Model Training and Inference on a Single Machine

While the Standalone Mode Quick Start tutorial introduces some basic concepts, commands, and steps of using GprahStorm CLIs on a single machine, this user guide provides more detailed description of the usage of GraphStorm CLIs in a single machine. In addition, the majority of the descriptions in this guide can be directly applied to model training and inference on distributed clusters.

GraphStorm can support graph machine learning (GML) model training and inference for common GML tasks, including node classification, node regression, edge classification, edge regression, and link prediction. Since the multi-task learning feature released in v0.3 is in experimental stage, formal documentations about this feature will be released later when it is mature.

For each task, GraphStorm provide a dedicated CLI for model training and inference. These CLIs share the same command template and some configurations, while each CLI has its unique task-specific configurations. GraphStorm also has a task-agnostic CLI for users to run your customized models.

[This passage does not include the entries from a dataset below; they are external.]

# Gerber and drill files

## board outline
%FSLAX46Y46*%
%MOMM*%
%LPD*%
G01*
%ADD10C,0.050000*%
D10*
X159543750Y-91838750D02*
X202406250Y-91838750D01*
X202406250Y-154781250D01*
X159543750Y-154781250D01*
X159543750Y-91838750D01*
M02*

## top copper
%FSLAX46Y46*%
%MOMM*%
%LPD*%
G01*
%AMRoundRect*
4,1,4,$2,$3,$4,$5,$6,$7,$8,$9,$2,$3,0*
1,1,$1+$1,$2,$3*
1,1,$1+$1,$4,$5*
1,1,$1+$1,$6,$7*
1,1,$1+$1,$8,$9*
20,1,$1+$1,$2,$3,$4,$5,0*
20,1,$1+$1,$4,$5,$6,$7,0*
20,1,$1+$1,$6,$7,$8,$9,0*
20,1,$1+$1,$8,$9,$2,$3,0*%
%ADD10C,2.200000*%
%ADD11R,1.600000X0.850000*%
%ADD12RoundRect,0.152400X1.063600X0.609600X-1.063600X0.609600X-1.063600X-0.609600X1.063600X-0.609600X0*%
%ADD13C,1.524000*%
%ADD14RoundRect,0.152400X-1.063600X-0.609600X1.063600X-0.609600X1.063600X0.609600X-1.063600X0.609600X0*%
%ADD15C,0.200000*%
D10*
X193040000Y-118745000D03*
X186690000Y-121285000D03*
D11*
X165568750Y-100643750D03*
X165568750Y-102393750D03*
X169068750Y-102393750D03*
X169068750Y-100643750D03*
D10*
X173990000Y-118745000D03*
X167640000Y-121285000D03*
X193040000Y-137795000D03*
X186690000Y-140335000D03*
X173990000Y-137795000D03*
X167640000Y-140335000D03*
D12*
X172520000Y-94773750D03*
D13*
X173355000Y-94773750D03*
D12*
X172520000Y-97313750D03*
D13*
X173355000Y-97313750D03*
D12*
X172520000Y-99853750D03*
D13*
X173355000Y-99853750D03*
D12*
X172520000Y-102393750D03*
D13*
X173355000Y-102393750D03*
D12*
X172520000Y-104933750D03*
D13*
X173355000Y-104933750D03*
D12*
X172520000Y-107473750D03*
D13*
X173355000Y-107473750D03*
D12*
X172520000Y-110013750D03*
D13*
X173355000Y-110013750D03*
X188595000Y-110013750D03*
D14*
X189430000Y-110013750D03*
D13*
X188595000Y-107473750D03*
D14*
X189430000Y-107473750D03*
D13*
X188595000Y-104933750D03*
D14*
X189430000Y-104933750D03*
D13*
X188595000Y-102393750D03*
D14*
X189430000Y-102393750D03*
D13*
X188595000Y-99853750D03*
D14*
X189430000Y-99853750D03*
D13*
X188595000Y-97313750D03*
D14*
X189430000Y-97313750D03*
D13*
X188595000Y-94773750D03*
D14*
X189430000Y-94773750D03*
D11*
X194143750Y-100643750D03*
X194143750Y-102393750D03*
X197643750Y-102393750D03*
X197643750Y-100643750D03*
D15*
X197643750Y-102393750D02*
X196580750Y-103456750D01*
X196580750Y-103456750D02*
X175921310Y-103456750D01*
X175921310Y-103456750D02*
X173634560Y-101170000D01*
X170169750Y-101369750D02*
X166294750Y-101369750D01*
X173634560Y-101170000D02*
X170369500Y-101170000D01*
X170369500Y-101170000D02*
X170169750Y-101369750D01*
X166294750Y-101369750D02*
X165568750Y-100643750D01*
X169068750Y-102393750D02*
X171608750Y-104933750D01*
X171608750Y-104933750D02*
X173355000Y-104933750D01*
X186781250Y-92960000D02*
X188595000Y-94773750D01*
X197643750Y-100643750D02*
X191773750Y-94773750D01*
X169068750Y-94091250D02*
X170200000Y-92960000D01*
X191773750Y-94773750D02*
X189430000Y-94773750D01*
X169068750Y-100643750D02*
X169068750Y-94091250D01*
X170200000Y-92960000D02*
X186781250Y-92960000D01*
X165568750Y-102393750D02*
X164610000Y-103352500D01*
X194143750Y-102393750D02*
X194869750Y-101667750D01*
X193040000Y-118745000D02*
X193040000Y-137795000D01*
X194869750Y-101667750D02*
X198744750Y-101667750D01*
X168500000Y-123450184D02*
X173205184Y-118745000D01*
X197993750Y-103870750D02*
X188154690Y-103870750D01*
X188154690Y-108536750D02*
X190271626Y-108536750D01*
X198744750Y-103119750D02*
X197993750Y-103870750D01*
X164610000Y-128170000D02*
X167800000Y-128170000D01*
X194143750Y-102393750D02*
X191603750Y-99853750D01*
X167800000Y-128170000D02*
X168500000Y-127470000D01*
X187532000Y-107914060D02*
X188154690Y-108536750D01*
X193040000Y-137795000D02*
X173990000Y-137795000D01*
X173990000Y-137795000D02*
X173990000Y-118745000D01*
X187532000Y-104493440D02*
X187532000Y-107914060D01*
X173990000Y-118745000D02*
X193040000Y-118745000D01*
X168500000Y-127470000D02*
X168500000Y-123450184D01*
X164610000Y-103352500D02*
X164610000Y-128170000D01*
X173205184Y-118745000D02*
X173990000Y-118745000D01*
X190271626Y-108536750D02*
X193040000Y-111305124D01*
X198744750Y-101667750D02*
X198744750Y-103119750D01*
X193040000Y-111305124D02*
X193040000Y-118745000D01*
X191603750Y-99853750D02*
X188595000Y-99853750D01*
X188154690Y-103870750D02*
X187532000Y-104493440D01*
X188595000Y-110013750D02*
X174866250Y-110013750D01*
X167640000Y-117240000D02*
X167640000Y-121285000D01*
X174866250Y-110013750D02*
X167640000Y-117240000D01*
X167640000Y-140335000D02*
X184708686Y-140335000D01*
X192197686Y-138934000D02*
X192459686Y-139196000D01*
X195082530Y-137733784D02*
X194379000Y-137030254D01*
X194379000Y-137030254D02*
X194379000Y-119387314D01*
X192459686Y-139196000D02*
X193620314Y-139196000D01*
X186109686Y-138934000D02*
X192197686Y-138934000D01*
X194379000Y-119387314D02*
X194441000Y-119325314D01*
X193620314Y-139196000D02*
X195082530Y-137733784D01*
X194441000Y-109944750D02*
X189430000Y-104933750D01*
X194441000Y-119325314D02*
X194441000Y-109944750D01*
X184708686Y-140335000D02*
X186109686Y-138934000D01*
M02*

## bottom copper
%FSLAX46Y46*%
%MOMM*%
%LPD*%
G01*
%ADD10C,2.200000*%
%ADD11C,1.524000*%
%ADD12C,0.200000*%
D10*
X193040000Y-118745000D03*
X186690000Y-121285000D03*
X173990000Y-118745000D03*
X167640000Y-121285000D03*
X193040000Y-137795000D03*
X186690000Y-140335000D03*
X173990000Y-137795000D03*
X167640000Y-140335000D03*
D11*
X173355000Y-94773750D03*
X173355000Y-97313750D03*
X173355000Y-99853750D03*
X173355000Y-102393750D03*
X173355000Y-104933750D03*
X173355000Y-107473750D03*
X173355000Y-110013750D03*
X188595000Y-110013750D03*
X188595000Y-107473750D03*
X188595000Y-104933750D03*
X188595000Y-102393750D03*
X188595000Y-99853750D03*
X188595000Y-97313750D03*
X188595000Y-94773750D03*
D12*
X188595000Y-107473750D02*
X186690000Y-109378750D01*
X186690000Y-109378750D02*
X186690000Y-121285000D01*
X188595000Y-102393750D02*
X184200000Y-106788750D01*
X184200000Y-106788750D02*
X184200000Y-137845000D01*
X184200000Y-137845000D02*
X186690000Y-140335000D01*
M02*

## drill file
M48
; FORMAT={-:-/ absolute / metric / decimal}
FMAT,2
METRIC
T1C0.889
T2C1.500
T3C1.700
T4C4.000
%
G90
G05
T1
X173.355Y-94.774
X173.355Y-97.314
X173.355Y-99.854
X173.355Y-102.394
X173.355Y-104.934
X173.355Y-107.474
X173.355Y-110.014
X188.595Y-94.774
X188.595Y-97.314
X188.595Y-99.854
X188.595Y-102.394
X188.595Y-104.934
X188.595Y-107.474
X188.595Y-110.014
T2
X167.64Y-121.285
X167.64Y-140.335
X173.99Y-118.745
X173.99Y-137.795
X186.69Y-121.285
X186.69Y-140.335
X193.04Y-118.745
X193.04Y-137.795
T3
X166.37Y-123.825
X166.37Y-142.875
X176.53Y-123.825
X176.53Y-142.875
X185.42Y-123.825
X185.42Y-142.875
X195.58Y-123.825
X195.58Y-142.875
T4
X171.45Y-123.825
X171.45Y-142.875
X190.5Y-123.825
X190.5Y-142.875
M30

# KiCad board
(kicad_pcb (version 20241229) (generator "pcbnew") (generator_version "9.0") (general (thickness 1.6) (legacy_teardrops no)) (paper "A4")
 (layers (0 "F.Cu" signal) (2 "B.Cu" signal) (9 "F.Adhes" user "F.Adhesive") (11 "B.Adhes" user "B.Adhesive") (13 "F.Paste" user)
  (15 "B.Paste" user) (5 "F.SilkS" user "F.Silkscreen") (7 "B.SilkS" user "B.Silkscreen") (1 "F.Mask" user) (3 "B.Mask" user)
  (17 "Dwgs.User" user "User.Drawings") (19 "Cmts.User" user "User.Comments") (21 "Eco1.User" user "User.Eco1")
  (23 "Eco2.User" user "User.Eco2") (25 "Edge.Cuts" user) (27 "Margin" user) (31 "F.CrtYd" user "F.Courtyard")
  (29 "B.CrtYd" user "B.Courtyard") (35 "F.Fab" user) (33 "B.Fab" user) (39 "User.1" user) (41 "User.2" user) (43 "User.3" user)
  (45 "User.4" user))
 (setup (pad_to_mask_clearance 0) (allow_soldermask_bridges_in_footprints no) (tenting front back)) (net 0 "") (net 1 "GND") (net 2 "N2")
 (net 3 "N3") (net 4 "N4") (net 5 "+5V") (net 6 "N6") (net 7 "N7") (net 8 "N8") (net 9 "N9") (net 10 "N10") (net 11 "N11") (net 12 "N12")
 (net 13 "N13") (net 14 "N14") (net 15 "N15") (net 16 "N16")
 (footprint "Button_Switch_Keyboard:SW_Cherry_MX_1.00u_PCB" (layer "F.Cu") (at 193.04 118.745)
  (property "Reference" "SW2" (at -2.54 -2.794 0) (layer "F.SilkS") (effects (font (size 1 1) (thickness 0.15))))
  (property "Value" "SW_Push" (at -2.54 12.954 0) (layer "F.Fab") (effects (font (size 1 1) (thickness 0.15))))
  (pad "" np_thru_hole circle (at -7.62 5.08) (size 1.7 1.7) (drill 1.7) (layers "*.Cu" "*.Mask"))
  (pad "" np_thru_hole circle (at -2.54 5.08) (size 4 4) (drill 4) (layers "*.Cu" "*.Mask"))
  (pad "" np_thru_hole circle (at 2.54 5.08) (size 1.7 1.7) (drill 1.7) (layers "*.Cu" "*.Mask"))
  (pad "1" thru_hole circle (at 0 0) (size 2.2 2.2) (drill 1.5) (layers "*.Cu" "*.Mask") (remove_unused_layers no) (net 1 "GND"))
  (pad "2" thru_hole circle (at -6.35 2.54) (size 2.2 2.2) (drill 1.5) (layers "*.Cu" "*.Mask") (remove_unused_layers no) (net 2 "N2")))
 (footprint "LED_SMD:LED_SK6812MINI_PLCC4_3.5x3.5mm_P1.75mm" (layer "F.Cu") (at 167.31875 101.51875)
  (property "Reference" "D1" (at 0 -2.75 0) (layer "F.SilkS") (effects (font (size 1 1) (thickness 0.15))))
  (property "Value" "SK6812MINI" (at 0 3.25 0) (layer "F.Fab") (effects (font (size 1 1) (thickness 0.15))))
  (pad "1" smd rect (at -1.75 -0.875) (size 1.6 0.85) (layers "F.Cu" "F.Mask" "F.Paste") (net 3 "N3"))
  (pad "2" smd rect (at -1.75 0.875) (size 1.6 0.85) (layers "F.Cu" "F.Mask" "F.Paste") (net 1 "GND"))
  (pad "3" smd rect (at 1.75 0.875) (size 1.6 0.85) (layers "F.Cu" "F.Mask" "F.Paste") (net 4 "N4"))
  (pad "4" smd rect (at 1.75 -0.875) (size 1.6 0.85) (layers "F.Cu" "F.Mask" "F.Paste") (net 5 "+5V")))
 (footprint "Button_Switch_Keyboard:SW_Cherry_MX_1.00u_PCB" (layer "F.Cu") (at 173.99 118.745)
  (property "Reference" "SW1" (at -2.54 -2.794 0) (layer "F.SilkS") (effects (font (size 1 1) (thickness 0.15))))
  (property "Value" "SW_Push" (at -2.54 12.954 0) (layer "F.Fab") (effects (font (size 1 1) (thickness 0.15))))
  (pad "" np_thru_hole circle (at -7.62 5.08) (size 1.7 1.7) (drill 1.7) (layers "*.Cu" "*.Mask"))
  (pad "" np_thru_hole circle (at -2.54 5.08) (size 4 4) (drill 4) (layers "*.Cu" "*.Mask"))
  (pad "" np_thru_hole circle (at 2.54 5.08) (size 1.7 1.7) (drill 1.7) (layers "*.Cu" "*.Mask"))
  (pad "1" thru_hole circle (at 0 0) (size 2.2 2.2) (drill 1.5) (layers "*.Cu" "*.Mask") (remove_unused_layers no) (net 1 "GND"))
  (pad "2" thru_hole circle (at -6.35 2.54) (size 2.2 2.2) (drill 1.5) (layers "*.Cu" "*.Mask") (remove_unused_layers no) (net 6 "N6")))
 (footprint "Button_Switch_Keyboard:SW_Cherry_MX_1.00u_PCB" (layer "F.Cu") (at 193.04 137.795)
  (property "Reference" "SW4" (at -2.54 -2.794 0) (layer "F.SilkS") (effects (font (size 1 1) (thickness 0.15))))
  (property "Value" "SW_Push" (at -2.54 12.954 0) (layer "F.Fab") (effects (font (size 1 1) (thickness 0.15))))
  (pad "" np_thru_hole circle (at -7.62 5.08) (size 1.7 1.7) (drill 1.7) (layers "*.Cu" "*.Mask"))
  (pad "" np_thru_hole circle (at -2.54 5.08) (size 4 4) (drill 4) (layers "*.Cu" "*.Mask"))
  (pad "" np_thru_hole circle (at 2.54 5.08) (size 1.7 1.7) (drill 1.7) (layers "*.Cu" "*.Mask"))
  (pad "1" thru_hole circle (at 0 0) (size 2.2 2.2) (drill 1.5) (layers "*.Cu" "*.Mask") (remove_unused_layers no) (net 1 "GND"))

Task-specific CLI template for model training and inference

GraphStorm model training and inference CLIs like the commands below.

# Model training
python -m graphstorm.run.TASK_COMMAND \
          --num-trainers 1 \
          --part-config data.json \
          --cf config.yaml \
          --save-model-path model_path/

# Model inference
python -m graphstorm.run.TASK_COMMAND \
          --inference \
          --num-trainers 1 \
          --part-config data.json \
          --cf config.yaml \
          --restore-model-path model_path/ \
          --save-prediction-path pred_path/

In the above two templates, the TASK_COMMAND represents one of the five task-specific commands:

gs_node_classification for node classification tasks;

gs_node_regression for node regression tasks;

gs_edge_classification for edge classification tasks;

gs_edge_regression for edge regression tasks;

gs_link_prediction for link prediction tasks.

These task-specific commands work for both model training and inference except that inference CLI needs to add the --inference argument to indicate this is an inference CLI, and the --restore-model-path argument that indicates the path of the saved model checkpoint.

For a single machine, the argument --num-trainers can configure how many GPUs or CPU processes to be used. If using a GPU machine, the value of --num-trainers should be equal or less than the total number of available GPUs, while in a CPU-only machine, the value could be less than the total number of CPU processes to avoid errors.

GraphStorm model training and inference CLIs use the --part-config argument to specify the partitioned graph data. Its value should be the path of the *.json file that is generated by the GraphStorm Graph Construction step.

While the CLIs could be very simple as the template demonstrated, users can leverage a YAML file to set a variaty of GraphStorm configurations that could make full use of the rich functions and features provided by GraphStorm. The YAML file will be specified to the --cf argument. GraphStorm has a set of example YAML files available for reference.

Note

Users can set CLI configurations either in CLI arguments or the configuration YAML file. But values set in CLI arguments will overwrite the values of the same configuration set in the YAML file.
This guide only explains a few commonly used configurations. For the detailed explanations of GraphStorm CLI configurations, please refer to the Model Training and Inference Configurations section.

Task-agnostic CLI for model training and inference

While task-specific CLIs allow users to quickly perform GML tasks supported by GraphStorm, users may build their own GNN models as described in the Use Your Own Models tutorial. To put these customized models into GraphStorm model training and inference pipeline, users can use the task-agnostic CLI as shown in the examples below.

# Model training
python -m graphstorm.run.launch \
          --num-trainers 1 \
          --part-config data.json \
          customized_model.py --save-model-path model_path/ \
                              customized_arguments

# Model inference
python -m graphstorm.run.launch \
          --inference \
          --num-trainers 1 \
          --part-config data.json \
          customized_model.py --restore-model-path model_path/ \
                              --save-prediction-path pred_path/ \
                              customized_arguments

The task-agnostic CLI command (launch) has similar tempalte as the task-specific CLIs except that it takes the customized model, which is stored as a .py file, as an argument. And in case the customized model has its own arguments, they should be placed after the customized model python file.